Five years ago, every SaaS company shipped its own integration API. To plug a tool into your AI workflow, you wrote a custom connector for that vendor's API, wrote another one for the next vendor, wrote another one for the next. Multiply by every tool an enterprise uses and you have hundreds of custom integrations - each maintained, each potentially broken by a vendor's API change, each a small recurring tax on your engineering team.

Why Do We Build Crewmate on the Model Context Protocol?
The Model Context Protocol (MCP) is the way out of that pattern. A Crewmate is built on it. Here's why it matters.
What MCP actually is?
MCP is an open specification published by Anthropic that defines a standard way for AI agents to discover, describe, and invoke tools. Instead of writing a custom adapter for every API your agent needs to talk to, you write (or use) an MCP server for that tool. Your agent speaks MCP. The MCP server speaks the tool's API on the other side. The agent and the tool never need to know about each other directly.
This is the same pattern as USB, HTTP, or any other protocol that solves a many-to-many integration problem. Before USB, every peripheral had its own port. After USB, every peripheral spoke a standard. MCP is the AI tool equivalent.

One protocol between the agent and every tool. Drop in any MCP-compatible server. Build your own proprietary systems.
What Crewmate Ships With?
Crewmate's MCP layer ships with eight first-class integrations covering the tools most businesses actually use:
- Google Workspace Gmail, Calendar, Drive, Docs
- Slack channels, DMs, file uploads
- Telegram bot messaging
- HubSpot CRM contacts, deals, companies, activities
- ERPNext invoices, customers, items, accounting
- WordPress posts, pages, media, comments
- WooCommerce orders, products, customers
- Custom MCP bring your own server URL
Each is a workspace-level configuration. The owner enters credentials once. Every agent in the workspace can use those tools, gated by the agent's role and the manager's approval rules. Adding a new integration takes about 90 seconds paste a URL, paste a credential, save.
Why does "Custom MCP" matter more than the Prebuilt ones?
The eight prebuilt integrations cover most use cases for most businesses. But every company has at least one proprietary system an internal CRM, a homegrown billing tool, a legacy ERP that no third-party integration will ever cover. Historically, those systems were excluded from any AI tooling because building a custom integration wasn't worth the effort.

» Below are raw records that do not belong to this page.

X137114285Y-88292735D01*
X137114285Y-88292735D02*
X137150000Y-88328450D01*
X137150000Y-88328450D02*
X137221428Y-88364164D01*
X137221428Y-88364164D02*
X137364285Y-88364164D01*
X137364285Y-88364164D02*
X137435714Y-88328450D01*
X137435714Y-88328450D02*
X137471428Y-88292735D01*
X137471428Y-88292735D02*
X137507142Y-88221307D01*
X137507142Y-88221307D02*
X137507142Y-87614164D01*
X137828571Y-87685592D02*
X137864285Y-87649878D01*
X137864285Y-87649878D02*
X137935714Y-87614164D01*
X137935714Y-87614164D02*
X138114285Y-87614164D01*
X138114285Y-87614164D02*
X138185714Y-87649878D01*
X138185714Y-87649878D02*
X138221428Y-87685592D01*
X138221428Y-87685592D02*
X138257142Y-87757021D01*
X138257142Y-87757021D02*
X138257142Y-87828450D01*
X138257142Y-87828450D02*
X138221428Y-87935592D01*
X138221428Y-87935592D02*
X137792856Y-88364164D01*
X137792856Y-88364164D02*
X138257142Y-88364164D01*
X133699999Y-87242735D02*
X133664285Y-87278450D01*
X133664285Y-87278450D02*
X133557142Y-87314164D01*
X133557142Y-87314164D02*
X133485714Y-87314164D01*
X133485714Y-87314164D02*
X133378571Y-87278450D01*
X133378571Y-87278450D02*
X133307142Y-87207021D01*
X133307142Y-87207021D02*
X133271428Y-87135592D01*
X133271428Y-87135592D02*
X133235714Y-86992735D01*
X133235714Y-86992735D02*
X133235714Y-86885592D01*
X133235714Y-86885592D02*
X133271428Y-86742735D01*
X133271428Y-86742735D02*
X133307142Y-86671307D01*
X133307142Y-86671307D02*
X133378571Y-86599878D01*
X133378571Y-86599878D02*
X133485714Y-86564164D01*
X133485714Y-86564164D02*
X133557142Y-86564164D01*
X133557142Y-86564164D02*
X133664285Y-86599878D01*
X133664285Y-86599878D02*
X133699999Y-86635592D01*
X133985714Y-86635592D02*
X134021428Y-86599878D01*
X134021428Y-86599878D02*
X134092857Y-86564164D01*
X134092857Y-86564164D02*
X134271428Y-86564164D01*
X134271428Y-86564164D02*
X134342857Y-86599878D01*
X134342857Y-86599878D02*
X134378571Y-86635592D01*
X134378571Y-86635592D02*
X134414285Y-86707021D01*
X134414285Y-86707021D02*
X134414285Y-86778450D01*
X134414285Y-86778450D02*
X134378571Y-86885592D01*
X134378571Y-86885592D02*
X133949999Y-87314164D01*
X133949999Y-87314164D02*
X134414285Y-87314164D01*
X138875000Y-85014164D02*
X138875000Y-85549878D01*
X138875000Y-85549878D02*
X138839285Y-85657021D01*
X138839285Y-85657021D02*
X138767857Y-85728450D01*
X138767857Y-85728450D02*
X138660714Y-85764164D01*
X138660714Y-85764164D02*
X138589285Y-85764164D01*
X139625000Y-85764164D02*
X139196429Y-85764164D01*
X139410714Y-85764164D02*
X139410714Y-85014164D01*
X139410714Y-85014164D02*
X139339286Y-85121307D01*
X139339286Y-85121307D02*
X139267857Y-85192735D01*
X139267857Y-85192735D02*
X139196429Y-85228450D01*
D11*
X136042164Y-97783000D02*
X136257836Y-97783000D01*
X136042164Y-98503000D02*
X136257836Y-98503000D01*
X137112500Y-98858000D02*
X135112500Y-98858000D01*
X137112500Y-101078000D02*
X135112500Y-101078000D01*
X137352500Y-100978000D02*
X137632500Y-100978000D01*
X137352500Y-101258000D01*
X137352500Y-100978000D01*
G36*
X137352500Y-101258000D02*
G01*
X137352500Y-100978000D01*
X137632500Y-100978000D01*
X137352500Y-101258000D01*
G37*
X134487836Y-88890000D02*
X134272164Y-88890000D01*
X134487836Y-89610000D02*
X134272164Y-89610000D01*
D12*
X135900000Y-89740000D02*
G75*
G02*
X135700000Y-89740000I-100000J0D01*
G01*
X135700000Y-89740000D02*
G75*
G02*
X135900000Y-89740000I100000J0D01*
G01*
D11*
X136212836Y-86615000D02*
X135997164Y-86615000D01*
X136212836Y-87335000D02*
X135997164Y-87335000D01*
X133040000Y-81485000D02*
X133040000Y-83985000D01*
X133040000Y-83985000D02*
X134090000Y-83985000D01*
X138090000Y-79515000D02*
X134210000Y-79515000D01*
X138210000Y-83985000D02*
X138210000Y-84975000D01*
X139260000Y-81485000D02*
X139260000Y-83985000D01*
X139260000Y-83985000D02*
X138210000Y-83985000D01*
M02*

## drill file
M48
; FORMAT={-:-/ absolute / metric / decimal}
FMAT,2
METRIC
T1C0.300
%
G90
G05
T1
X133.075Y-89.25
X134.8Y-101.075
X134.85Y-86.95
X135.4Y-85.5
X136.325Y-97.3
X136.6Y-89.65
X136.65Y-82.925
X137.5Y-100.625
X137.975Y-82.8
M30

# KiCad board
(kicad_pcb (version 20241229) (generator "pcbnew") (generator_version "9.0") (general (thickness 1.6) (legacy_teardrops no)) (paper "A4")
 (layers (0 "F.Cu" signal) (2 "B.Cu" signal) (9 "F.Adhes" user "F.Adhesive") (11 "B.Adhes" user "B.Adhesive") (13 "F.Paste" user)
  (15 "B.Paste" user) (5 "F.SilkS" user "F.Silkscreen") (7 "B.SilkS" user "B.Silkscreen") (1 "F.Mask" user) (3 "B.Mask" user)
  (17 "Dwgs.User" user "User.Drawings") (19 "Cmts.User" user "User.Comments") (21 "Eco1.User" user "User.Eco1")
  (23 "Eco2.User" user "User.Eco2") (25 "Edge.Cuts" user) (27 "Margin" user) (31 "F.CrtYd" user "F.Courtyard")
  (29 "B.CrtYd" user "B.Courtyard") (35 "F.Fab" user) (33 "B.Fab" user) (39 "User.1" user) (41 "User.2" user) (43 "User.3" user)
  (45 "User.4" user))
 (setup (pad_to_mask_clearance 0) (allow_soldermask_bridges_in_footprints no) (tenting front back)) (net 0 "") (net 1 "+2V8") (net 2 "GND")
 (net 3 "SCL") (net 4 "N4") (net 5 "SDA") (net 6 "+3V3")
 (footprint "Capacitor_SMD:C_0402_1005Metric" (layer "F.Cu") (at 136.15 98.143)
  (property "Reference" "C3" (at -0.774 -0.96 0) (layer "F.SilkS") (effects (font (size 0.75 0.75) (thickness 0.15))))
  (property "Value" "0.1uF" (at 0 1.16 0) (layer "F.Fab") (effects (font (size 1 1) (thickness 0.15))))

MCP makes building those custom integrations cheap. An MCP server is a small program (often less than 200 lines of code) that wraps your internal API and exposes it as MCP tools. You build it once. It works with Crewmate, with any other MCP-compatible AI product, and with Anthropic's own Claude Code. The same server serves three or four downstream consumers, and you maintain it in one place.

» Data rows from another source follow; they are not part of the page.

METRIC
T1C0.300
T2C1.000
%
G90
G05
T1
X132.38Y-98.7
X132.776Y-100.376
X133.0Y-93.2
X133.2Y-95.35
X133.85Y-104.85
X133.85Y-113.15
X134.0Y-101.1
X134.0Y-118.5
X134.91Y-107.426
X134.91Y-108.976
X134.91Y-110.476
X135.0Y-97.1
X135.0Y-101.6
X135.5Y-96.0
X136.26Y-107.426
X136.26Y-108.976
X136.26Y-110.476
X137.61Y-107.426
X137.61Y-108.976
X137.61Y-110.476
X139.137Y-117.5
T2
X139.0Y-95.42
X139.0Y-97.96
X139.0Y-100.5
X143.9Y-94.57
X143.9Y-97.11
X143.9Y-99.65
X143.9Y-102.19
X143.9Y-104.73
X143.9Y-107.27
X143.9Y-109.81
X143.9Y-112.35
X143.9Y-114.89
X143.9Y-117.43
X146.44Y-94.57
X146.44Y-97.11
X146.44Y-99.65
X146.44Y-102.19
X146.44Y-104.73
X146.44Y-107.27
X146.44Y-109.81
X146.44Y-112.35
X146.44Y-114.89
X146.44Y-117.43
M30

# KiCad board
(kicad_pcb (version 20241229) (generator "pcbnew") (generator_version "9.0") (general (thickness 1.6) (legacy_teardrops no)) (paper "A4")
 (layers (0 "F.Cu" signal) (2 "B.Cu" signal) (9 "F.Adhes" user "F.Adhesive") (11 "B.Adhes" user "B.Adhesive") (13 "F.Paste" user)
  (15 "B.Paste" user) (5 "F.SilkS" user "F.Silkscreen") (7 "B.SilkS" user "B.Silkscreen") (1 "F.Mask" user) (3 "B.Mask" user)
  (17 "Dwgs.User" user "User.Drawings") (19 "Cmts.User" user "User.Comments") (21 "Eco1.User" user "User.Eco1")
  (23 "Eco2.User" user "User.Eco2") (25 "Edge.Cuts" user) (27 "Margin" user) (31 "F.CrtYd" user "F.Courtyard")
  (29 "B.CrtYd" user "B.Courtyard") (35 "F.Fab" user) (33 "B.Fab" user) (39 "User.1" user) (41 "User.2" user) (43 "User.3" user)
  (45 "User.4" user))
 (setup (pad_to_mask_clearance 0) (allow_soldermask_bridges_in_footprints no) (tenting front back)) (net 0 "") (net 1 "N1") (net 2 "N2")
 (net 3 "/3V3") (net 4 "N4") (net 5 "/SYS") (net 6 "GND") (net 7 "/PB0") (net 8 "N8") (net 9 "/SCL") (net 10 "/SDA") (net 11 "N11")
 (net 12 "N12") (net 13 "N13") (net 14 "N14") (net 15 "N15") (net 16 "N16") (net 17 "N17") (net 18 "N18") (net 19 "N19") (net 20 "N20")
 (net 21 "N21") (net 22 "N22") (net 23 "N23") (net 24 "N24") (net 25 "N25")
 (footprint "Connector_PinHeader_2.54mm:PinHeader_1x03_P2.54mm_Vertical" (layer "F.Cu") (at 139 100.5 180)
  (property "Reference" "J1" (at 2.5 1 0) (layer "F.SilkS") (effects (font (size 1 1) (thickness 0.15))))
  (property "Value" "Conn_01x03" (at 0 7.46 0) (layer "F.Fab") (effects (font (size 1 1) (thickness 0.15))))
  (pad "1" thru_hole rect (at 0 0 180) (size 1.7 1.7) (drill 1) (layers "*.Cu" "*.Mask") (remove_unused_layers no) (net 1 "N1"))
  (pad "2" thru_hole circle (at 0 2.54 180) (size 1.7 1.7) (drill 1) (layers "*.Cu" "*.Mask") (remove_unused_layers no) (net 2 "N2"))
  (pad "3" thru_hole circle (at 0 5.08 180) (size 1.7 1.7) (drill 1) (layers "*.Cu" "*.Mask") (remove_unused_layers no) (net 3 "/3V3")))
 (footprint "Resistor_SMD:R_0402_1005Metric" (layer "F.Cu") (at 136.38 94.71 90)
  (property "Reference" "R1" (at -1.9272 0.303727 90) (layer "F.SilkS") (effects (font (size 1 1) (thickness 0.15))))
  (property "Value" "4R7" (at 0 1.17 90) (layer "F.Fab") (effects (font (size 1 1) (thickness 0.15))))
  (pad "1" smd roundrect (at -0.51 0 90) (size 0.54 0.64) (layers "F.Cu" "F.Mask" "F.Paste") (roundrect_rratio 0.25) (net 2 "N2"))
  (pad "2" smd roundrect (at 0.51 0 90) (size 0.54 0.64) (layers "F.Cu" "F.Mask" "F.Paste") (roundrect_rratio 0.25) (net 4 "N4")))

The shift is significant. The custom integration that used to cost weeks of engineering is now a day's work, and pays dividends every time you adopt another AI tool.
Vendor lock-in, defused
There's a strategic point here worth stating directly. AI product vendors have an obvious incentive to lock you in. The harder it is to take your integrations elsewhere, the more leverage they have over you. Pre-MCP, the integration work you did with a vendor was tied to their proprietary connector format, and switching vendors meant rebuilding integrations.
MCP changes the math. The MCP servers you write (or buy) are yours, not the AI vendor's. If you switch from Crewmate to a different AI workforce platform later, your MCP servers come with you. The vendor doesn't own your integration layer.

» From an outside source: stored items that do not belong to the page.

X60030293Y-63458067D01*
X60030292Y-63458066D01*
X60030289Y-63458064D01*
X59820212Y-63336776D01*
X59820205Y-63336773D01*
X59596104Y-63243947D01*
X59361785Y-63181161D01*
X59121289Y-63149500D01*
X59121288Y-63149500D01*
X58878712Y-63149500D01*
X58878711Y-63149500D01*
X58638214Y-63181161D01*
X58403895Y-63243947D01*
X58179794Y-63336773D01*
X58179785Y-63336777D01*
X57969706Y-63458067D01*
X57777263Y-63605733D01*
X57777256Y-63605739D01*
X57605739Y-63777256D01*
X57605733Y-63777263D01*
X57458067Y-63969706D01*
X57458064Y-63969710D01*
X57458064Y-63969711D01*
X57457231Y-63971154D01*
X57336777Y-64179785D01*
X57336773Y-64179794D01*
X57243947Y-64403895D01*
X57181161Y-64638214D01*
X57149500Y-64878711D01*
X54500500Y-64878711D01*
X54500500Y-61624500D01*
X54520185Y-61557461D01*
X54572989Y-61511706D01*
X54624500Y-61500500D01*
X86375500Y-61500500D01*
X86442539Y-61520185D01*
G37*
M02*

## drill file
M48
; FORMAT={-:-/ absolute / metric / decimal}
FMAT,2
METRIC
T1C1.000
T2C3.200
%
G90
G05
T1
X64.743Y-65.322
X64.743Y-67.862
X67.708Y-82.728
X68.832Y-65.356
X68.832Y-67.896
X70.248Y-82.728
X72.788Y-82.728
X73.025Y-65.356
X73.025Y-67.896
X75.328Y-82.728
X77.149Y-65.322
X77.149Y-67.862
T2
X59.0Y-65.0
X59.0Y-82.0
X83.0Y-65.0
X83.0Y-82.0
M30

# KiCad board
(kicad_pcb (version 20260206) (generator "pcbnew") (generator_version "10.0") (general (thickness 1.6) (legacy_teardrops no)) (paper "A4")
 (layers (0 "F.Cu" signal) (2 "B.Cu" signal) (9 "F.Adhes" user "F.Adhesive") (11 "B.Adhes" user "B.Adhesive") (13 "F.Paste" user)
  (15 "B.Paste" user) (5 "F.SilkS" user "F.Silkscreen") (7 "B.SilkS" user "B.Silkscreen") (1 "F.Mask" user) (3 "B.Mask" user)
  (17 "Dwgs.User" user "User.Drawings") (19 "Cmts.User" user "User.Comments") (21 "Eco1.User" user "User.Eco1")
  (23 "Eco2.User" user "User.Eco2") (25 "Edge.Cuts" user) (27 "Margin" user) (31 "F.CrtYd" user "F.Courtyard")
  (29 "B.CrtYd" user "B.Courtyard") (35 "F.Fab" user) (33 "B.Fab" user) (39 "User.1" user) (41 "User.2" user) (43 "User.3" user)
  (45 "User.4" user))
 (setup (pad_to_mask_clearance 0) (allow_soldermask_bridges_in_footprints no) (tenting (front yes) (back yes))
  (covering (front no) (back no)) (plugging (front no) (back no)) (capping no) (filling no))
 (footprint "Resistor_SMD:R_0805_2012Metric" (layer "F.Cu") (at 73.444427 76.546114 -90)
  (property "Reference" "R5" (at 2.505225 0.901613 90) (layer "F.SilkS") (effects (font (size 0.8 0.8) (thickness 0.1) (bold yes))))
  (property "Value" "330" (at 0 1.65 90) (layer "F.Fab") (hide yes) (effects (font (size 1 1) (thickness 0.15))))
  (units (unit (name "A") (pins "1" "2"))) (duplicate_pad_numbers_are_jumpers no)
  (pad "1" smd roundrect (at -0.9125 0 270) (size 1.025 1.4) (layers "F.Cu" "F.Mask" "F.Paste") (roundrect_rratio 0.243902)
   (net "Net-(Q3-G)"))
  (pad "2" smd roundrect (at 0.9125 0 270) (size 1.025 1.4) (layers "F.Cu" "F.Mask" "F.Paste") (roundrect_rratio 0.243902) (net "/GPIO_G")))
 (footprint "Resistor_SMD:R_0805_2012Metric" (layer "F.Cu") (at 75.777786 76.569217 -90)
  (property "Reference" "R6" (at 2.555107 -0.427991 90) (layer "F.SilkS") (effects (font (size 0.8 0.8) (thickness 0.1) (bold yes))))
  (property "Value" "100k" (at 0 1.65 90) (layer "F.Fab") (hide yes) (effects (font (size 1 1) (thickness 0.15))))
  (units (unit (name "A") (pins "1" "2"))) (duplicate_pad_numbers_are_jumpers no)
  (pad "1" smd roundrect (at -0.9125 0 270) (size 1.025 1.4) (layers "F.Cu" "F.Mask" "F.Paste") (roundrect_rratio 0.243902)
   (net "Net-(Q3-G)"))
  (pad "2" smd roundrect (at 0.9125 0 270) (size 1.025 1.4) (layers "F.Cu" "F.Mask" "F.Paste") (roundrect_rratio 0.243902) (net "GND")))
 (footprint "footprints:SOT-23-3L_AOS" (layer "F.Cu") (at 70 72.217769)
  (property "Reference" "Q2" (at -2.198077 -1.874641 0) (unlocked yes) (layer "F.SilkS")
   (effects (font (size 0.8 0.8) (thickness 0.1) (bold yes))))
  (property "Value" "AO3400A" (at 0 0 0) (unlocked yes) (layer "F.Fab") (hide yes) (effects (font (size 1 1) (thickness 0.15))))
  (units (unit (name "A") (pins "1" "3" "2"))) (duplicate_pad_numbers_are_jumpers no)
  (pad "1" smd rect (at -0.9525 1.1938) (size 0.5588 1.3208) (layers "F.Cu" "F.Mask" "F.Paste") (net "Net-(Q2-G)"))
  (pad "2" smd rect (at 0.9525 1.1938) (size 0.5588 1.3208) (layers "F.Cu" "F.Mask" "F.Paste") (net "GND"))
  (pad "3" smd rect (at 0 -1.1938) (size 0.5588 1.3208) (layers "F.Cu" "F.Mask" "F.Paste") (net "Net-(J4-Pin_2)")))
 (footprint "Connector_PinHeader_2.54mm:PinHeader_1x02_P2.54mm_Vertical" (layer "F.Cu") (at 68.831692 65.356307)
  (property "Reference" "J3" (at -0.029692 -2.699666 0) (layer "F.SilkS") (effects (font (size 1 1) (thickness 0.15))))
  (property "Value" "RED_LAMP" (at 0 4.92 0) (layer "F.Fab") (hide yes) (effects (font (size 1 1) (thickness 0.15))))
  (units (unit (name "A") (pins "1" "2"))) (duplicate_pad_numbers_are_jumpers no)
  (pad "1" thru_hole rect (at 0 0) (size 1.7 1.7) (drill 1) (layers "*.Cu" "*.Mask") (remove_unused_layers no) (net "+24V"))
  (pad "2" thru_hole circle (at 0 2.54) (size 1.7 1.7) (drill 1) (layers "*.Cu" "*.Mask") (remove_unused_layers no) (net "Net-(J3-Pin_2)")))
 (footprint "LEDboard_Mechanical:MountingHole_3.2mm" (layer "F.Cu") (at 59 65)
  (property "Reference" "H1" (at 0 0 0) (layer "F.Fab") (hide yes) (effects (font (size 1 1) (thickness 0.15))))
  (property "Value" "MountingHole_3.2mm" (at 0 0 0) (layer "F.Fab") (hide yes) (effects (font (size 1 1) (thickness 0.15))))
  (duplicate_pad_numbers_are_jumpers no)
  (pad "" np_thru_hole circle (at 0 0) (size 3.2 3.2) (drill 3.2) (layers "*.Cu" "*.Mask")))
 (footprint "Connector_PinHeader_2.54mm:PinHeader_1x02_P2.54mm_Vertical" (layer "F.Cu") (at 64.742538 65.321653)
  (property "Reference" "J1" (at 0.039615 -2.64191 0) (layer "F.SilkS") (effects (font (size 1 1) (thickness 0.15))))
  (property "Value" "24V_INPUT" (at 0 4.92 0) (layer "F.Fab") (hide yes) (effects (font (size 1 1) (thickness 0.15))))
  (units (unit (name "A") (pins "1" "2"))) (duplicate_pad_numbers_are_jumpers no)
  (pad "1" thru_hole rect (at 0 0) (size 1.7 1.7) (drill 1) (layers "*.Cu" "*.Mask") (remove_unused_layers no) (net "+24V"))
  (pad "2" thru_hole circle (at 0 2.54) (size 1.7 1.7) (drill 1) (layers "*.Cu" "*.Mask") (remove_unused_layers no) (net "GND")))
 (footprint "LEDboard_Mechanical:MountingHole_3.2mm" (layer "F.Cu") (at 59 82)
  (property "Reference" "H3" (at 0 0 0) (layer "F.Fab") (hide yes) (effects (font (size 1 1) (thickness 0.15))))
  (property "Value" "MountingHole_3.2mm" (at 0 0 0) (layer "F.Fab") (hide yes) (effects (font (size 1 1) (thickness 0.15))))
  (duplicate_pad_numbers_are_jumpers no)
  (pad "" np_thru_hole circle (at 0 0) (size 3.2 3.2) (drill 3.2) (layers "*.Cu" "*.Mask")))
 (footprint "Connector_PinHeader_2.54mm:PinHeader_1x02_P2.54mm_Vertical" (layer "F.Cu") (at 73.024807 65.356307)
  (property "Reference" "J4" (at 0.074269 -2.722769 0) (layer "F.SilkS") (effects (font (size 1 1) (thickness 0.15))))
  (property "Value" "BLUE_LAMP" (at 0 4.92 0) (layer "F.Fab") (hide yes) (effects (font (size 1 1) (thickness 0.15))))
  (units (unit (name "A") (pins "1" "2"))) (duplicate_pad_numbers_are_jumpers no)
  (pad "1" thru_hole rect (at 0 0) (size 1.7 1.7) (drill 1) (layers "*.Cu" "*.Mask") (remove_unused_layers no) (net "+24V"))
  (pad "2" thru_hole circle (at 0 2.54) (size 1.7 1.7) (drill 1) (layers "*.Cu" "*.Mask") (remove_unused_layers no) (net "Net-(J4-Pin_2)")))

This is the kind of architectural choice that doesn't make the demo video. It shows up two years in, when you decide to switch vendors or add a second one in parallel, and you discover that you actually can.
The Protocol is Winning
MCP is being adopted across the AI ecosystem at unusual speed. Anthropic, OpenAI, and Google have all signaled support. Major SaaS vendors are publishing official MCP servers for their products. Open-source MCP servers exist for hundreds of common tools. The protocol has crossed the threshold from 'interesting standard' to 'de facto standard you should design around.'
The crewmate's bet was that this would happen. So far, the bet looks right. The integration layer that took years to build for chat-era SaaS will take months for AI-era workforce products, because MCP did the hard standardization work upfront.